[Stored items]
________________________
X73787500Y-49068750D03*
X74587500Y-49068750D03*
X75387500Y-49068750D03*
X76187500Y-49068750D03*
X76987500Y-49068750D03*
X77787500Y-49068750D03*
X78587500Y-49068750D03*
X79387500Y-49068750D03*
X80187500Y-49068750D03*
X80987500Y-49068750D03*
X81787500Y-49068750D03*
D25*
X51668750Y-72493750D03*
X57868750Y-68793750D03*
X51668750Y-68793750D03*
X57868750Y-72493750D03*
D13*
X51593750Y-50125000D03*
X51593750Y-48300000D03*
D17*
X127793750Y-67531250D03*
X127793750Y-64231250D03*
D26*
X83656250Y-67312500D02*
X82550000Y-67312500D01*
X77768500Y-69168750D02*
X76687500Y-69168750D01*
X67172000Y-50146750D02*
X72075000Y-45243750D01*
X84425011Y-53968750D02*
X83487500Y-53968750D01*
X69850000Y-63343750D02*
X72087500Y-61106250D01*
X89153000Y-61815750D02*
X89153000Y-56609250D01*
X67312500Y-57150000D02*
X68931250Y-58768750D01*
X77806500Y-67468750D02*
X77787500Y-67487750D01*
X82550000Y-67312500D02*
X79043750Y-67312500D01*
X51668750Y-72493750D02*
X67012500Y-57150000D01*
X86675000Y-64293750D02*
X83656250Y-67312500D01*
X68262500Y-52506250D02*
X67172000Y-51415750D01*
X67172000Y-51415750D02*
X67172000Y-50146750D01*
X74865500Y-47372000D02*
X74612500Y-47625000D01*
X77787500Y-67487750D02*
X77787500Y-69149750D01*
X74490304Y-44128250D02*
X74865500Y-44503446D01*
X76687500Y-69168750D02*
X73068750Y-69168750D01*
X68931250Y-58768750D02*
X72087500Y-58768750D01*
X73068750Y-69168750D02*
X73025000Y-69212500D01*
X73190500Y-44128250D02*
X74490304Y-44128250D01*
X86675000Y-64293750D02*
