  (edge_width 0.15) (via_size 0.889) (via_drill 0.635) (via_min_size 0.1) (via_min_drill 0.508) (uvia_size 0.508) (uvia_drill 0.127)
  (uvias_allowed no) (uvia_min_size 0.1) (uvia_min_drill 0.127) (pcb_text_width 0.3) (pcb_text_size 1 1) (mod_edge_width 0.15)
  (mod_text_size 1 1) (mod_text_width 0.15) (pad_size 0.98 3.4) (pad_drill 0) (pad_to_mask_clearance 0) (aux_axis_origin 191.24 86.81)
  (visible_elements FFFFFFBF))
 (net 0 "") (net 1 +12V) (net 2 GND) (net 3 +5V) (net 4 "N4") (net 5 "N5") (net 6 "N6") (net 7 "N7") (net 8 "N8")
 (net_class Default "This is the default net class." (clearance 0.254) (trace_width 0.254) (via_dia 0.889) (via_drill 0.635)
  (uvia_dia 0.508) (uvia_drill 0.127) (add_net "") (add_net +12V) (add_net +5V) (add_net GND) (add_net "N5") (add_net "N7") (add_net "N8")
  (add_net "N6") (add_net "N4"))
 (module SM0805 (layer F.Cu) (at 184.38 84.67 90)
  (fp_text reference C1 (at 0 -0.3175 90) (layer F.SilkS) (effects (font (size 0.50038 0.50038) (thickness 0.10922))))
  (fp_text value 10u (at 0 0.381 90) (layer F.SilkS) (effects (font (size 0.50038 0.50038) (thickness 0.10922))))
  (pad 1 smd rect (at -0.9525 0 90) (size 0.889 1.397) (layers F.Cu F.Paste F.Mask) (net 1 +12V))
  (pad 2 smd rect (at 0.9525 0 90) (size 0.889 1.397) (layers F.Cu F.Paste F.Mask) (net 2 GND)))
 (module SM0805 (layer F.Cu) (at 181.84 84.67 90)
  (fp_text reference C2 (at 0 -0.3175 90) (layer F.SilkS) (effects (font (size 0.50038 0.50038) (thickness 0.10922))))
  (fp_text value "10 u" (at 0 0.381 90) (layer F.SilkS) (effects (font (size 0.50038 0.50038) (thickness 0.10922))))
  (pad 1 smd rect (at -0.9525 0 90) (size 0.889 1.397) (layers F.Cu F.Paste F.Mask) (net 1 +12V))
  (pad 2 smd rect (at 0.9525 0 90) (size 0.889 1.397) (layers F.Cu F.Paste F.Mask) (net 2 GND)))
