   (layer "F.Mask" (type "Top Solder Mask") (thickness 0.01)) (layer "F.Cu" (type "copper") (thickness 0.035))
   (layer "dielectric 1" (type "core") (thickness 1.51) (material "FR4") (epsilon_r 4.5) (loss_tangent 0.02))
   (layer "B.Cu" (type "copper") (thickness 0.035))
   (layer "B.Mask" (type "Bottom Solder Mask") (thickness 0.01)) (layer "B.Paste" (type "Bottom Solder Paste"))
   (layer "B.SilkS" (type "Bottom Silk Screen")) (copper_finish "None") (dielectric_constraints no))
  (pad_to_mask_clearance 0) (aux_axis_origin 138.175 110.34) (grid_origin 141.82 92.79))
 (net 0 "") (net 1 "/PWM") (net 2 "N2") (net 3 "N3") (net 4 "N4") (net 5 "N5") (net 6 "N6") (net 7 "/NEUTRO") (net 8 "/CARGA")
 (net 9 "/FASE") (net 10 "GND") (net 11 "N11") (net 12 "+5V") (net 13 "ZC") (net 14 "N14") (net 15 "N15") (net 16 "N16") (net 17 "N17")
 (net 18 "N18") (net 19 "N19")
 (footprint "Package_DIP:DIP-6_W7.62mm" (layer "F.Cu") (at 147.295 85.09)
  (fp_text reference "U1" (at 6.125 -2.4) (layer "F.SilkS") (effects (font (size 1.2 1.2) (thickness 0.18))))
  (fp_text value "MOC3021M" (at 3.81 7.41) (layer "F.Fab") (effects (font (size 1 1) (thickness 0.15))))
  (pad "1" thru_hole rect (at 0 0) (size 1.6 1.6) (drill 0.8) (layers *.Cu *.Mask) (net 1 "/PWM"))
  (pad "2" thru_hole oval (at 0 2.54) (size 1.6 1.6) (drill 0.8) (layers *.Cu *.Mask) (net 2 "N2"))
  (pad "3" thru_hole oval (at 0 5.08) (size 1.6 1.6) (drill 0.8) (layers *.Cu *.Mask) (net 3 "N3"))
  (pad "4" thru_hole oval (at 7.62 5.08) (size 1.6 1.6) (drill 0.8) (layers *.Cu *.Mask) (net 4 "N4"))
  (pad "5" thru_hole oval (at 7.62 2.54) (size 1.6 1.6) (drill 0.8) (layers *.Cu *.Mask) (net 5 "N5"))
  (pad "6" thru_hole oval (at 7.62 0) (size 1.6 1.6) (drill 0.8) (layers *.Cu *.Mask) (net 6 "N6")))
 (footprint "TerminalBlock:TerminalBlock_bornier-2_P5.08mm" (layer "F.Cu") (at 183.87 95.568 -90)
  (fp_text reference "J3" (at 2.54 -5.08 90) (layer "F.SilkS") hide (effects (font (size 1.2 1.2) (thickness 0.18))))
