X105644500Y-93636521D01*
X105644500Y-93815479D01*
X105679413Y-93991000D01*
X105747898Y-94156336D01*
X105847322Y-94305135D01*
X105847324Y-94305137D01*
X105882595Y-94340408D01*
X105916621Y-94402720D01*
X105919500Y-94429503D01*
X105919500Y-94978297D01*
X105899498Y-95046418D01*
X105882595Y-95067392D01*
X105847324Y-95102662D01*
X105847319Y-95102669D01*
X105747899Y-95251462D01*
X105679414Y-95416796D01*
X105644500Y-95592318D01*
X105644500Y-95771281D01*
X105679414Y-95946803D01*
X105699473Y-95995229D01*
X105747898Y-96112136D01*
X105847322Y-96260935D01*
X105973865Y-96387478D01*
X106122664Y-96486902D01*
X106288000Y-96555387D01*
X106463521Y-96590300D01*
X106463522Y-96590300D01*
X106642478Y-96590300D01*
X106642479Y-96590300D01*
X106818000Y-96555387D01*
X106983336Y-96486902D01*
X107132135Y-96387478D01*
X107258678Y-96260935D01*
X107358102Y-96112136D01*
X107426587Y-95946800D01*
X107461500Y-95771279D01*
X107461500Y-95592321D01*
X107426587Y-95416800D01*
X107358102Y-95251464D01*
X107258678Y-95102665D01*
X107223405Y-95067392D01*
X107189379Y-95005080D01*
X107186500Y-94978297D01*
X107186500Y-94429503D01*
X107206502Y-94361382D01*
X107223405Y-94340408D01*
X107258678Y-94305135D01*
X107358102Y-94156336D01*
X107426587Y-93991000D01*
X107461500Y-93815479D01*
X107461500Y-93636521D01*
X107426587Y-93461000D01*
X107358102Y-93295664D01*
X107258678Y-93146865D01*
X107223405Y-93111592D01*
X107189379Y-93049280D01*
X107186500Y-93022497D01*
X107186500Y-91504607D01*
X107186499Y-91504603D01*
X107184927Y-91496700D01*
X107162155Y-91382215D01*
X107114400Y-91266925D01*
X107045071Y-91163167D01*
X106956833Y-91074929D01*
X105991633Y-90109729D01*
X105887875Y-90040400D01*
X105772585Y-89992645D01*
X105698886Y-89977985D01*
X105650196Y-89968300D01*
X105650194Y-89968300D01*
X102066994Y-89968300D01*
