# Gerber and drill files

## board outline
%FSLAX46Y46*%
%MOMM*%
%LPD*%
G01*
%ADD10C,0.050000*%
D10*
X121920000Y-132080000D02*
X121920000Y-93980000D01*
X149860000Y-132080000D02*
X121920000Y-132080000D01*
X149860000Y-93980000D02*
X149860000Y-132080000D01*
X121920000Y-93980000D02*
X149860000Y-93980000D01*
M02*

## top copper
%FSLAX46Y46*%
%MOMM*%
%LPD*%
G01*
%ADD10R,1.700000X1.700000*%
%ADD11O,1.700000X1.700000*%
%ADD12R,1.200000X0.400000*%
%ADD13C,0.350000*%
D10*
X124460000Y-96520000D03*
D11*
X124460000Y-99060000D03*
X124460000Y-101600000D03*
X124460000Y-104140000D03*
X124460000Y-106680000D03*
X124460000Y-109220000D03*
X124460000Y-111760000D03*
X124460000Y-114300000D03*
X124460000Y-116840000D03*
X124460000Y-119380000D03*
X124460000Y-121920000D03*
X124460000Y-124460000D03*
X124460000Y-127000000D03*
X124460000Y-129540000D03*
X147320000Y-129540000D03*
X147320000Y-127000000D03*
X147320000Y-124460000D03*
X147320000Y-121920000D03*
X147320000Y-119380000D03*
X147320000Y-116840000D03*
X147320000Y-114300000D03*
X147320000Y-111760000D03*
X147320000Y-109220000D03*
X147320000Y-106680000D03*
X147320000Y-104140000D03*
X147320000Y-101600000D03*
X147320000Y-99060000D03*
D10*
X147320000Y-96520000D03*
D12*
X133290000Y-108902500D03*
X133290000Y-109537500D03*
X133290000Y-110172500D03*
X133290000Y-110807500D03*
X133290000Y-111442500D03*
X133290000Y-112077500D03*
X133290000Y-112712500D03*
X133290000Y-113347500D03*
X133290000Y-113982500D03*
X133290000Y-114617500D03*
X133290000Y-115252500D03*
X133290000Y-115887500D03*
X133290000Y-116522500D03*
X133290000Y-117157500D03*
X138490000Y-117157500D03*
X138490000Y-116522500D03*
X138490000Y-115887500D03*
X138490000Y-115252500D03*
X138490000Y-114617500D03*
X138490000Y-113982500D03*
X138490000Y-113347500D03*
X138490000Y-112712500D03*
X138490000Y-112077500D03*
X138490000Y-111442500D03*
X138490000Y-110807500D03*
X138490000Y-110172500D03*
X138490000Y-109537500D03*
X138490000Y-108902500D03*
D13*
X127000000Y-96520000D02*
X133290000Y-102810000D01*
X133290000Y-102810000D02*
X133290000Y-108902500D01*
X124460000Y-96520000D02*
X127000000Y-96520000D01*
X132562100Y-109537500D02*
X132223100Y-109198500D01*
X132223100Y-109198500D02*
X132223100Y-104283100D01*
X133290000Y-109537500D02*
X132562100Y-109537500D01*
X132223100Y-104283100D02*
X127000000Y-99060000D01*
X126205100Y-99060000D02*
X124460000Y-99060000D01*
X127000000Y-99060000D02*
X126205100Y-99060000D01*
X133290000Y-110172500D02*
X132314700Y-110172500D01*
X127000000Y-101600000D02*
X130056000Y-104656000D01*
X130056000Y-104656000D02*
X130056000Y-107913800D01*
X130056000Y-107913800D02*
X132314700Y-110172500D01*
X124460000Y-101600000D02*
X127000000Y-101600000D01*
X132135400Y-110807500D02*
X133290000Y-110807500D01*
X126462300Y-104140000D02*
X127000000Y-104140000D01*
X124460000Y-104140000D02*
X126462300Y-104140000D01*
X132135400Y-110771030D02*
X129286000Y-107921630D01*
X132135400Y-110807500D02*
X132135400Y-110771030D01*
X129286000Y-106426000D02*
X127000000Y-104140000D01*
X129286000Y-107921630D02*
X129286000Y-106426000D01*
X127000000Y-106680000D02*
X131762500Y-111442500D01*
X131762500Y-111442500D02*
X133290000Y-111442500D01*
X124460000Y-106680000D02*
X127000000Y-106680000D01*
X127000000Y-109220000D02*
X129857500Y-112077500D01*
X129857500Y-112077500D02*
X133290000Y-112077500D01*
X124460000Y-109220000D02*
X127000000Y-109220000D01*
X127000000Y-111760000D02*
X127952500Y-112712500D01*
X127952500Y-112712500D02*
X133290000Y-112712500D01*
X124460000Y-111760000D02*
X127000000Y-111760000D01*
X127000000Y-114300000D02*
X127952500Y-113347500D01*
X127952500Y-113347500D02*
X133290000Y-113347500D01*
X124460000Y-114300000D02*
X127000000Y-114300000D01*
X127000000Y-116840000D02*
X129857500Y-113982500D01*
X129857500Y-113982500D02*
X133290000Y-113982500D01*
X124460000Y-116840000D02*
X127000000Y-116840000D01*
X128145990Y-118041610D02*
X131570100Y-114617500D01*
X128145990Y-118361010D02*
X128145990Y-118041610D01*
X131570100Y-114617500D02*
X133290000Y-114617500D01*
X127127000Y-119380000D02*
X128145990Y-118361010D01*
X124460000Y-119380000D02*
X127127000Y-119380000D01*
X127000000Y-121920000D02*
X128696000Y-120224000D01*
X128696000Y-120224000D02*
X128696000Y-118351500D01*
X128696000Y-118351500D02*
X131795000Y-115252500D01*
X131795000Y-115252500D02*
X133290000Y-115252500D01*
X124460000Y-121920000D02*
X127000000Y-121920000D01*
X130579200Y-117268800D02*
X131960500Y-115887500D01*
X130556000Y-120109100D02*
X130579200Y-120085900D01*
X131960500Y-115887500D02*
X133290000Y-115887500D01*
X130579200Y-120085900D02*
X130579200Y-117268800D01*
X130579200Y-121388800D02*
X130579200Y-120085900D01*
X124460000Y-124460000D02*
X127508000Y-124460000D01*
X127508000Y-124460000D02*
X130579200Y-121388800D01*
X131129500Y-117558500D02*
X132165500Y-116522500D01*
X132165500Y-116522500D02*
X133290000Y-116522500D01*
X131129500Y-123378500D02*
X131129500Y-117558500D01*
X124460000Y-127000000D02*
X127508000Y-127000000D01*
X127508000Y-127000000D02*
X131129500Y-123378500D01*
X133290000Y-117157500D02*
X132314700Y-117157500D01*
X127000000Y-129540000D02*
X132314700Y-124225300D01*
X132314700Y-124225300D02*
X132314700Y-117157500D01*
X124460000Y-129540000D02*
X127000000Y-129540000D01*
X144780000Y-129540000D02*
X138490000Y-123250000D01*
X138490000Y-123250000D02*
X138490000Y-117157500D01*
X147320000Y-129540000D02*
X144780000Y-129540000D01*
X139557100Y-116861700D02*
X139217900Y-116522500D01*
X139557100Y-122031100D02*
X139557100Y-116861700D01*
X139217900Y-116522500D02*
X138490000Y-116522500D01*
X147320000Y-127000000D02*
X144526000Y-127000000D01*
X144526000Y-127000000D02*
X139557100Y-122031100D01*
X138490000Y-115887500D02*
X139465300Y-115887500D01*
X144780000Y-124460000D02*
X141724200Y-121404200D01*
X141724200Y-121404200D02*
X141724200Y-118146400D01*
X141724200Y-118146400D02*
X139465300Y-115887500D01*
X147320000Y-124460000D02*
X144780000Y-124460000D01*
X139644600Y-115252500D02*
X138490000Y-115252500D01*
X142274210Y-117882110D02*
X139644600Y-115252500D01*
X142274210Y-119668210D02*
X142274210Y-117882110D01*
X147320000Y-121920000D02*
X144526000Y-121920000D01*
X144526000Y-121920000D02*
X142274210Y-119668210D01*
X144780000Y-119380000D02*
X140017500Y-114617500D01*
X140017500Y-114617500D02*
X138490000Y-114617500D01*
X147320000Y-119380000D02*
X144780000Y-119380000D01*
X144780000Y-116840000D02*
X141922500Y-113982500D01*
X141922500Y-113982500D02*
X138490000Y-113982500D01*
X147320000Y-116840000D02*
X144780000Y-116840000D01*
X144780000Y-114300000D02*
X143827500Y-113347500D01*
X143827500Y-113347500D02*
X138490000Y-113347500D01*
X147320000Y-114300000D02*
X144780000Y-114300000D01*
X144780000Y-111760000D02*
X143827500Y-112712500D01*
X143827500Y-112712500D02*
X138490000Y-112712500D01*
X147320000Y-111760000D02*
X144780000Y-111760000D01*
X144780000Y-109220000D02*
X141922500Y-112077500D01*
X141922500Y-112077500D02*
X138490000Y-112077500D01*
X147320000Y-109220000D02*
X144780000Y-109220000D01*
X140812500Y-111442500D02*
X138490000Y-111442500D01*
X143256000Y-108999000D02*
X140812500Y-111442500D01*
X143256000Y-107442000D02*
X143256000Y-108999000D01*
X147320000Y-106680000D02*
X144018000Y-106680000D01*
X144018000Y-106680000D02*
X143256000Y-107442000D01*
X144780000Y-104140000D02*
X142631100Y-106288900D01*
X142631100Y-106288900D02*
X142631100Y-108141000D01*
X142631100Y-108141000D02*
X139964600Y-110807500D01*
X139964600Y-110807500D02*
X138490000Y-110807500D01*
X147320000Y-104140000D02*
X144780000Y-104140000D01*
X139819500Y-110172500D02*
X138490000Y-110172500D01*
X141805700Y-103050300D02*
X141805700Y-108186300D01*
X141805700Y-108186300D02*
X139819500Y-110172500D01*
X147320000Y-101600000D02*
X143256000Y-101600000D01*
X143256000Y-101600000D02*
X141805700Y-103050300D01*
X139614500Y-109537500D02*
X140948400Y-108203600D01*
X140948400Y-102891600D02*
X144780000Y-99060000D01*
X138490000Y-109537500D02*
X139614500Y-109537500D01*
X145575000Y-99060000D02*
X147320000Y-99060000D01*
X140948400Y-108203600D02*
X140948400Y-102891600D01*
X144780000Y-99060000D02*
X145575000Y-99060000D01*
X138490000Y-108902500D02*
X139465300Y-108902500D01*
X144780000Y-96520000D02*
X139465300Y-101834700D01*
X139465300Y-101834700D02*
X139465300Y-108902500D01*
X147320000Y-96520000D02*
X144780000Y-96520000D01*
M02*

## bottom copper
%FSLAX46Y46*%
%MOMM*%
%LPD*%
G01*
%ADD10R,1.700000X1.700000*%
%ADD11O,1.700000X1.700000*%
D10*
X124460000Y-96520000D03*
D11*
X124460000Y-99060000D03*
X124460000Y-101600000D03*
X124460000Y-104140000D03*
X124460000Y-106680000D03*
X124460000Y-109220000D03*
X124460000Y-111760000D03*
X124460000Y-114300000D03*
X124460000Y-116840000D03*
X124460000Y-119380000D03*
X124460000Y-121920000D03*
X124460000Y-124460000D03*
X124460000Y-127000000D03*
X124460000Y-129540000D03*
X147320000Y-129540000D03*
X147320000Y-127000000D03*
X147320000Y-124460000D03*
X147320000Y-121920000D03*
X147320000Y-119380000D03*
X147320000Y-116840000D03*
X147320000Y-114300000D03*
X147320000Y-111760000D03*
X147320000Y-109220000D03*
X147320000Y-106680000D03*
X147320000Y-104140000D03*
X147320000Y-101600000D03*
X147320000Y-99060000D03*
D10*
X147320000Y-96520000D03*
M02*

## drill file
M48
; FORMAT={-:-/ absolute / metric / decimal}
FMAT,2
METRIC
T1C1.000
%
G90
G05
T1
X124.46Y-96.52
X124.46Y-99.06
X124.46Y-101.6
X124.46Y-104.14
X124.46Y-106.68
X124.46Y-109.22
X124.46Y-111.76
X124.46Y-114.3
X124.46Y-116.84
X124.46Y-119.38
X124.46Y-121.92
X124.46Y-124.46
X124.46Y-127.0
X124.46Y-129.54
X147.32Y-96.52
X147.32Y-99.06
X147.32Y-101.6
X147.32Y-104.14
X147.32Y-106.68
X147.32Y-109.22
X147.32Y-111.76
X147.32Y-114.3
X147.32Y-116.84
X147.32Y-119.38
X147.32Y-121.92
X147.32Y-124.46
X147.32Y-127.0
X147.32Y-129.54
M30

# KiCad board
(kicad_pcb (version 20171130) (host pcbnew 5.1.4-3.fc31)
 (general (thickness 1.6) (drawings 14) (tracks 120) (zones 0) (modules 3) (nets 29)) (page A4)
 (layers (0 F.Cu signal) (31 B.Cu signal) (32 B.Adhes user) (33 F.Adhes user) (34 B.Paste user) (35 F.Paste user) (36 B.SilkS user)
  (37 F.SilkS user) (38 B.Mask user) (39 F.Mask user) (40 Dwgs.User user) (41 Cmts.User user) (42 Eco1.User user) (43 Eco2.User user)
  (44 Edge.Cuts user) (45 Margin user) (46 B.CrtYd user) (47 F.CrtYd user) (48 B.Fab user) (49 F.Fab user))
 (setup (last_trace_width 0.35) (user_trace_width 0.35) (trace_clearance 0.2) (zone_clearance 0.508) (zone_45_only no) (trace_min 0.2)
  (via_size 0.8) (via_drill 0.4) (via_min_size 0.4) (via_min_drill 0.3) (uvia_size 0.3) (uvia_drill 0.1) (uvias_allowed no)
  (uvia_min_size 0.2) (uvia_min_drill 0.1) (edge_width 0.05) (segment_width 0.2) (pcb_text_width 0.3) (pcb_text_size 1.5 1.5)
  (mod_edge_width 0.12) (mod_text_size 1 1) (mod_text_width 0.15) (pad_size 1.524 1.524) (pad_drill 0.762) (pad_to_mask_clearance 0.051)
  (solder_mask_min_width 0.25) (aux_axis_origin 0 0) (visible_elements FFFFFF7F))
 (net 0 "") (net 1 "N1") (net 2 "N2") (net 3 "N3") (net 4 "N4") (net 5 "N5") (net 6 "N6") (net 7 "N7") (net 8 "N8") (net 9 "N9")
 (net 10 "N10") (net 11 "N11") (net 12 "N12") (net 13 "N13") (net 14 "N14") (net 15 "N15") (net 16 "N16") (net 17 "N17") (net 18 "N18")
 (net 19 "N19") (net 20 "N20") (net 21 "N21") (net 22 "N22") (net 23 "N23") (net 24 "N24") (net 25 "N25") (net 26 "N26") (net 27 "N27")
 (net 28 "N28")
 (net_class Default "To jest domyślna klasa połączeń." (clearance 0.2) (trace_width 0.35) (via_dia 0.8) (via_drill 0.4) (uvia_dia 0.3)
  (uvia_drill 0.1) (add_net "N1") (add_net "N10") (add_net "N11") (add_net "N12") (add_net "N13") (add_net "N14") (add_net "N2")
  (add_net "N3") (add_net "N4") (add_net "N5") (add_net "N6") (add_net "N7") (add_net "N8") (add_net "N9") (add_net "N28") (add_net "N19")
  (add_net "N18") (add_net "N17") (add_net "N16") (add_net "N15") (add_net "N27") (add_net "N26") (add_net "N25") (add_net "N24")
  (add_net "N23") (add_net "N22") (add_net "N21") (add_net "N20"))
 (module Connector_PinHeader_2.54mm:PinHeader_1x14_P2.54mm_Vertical (layer B.Cu) (at 124.46 96.52 180)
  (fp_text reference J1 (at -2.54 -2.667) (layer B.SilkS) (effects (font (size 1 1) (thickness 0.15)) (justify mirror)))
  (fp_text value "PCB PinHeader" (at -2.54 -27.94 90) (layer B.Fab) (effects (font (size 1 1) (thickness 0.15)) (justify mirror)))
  (pad 1 thru_hole rect (at 0 0 180) (size 1.7 1.7) (drill 1) (layers *.Cu *.Mask) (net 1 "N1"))
  (pad 2 thru_hole oval (at 0 -2.54 180) (size 1.7 1.7) (drill 1) (layers *.Cu *.Mask) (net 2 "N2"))
  (pad 3 thru_hole oval (at 0 -5.08 180) (size 1.7 1.7) (drill 1) (layers *.Cu *.Mask) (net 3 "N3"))
  (pad 4 thru_hole oval (at 0 -7.62 180) (size 1.7 1.7) (drill 1) (layers *.Cu *.Mask) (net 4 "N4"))
  (pad 5 thru_hole oval (at 0 -10.16 180) (size 1.7 1.7) (drill 1) (layers *.Cu *.Mask) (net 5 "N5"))
  (pad 6 thru_hole oval (at 0 -12.7 180) (size 1.7 1.7) (drill 1) (layers *.Cu *.Mask) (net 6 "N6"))
  (pad 7 thru_hole oval (at 0 -15.24 180) (size 1.7 1.7) (drill 1) (layers *.Cu *.Mask) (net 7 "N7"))
  (pad 8 thru_hole oval (at 0 -17.78 180) (size 1.7 1.7) (drill 1) (layers *.Cu *.Mask) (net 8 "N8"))
  (pad 9 thru_hole oval (at 0 -20.32 180) (size 1.7 1.7) (drill 1) (layers *.Cu *.Mask) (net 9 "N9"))
  (pad 10 thru_hole oval (at 0 -22.86 180) (size 1.7 1.7) (drill 1) (layers *.Cu *.Mask) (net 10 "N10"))
  (pad 11 thru_hole oval (at 0 -25.4 180) (size 1.7 1.7) (drill 1) (layers *.Cu *.Mask) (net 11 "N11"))
  (pad 12 thru_hole oval (at 0 -27.94 180) (size 1.7 1.7) (drill 1) (layers *.Cu *.Mask) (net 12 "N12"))
  (pad 13 thru_hole oval (at 0 -30.48 180) (size 1.7 1.7) (drill 1) (layers *.Cu *.Mask) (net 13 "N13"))
  (pad 14 thru_hole oval (at 0 -33.02 180) (size 1.7 1.7) (drill 1) (layers *.Cu *.Mask) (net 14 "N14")))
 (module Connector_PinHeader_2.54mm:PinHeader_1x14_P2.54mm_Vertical (layer B.Cu) (at 147.32 96.52 180)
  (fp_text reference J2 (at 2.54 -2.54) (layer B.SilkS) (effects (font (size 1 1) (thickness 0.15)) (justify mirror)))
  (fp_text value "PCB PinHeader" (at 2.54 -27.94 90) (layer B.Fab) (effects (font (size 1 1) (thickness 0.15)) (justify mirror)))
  (pad 14 thru_hole oval (at 0 -33.02 180) (size 1.7 1.7) (drill 1) (layers *.Cu *.Mask) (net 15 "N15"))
________________________
### Exercise directions
Please print the lines from the start of the records up to and including the line with "(edge_width 0.15) (via_size", copying each one exactly and leaving out the rest.

### Solution
X73787500Y-49068750D03*
X74587500Y-49068750D03*
X75387500Y-49068750D03*
X76187500Y-49068750D03*
X76987500Y-49068750D03*
X77787500Y-49068750D03*
X78587500Y-49068750D03*
X79387500Y-49068750D03*
X80187500Y-49068750D03*
X80987500Y-49068750D03*
X81787500Y-49068750D03*
D25*
X51668750Y-72493750D03*
X57868750Y-68793750D03*
X51668750Y-68793750D03*
X57868750Y-72493750D03*
D13*
X51593750Y-50125000D03*
X51593750Y-48300000D03*
D17*
X127793750Y-67531250D03*
X127793750Y-64231250D03*
D26*
X83656250Y-67312500D02*
X82550000Y-67312500D01*
X77768500Y-69168750D02*
X76687500Y-69168750D01*
X67172000Y-50146750D02*
X72075000Y-45243750D01*
X84425011Y-53968750D02*
X83487500Y-53968750D01*
X69850000Y-63343750D02*
X72087500Y-61106250D01*
X89153000Y-61815750D02*
X89153000Y-56609250D01*
X67312500Y-57150000D02*
X68931250Y-58768750D01*
X77806500Y-67468750D02*
X77787500Y-67487750D01*
X82550000Y-67312500D02*
X79043750Y-67312500D01*
X51668750Y-72493750D02*
X67012500Y-57150000D01*
X86675000Y-64293750D02*
X83656250Y-67312500D01*
X68262500Y-52506250D02*
X67172000Y-51415750D01*
X67172000Y-51415750D02*
X67172000Y-50146750D01*
X74865500Y-47372000D02*
X74612500Y-47625000D01*
X77787500Y-67487750D02*
X77787500Y-69149750D01*
X74490304Y-44128250D02*
X74865500Y-44503446D01*
X76687500Y-69168750D02*
X73068750Y-69168750D01*
X68931250Y-58768750D02*
X72087500Y-58768750D01*
X73068750Y-69168750D02*
X73025000Y-69212500D01*
X73190500Y-44128250D02*
X74490304Y-44128250D01*
X86675000Y-64293750D02*
  (edge_width 0.15) (via_size 0.889) (via_drill 0.635) (via_min_size 0.1) (via_min_drill 0.508) (uvia_size 0.508) (uvia_drill 0.127)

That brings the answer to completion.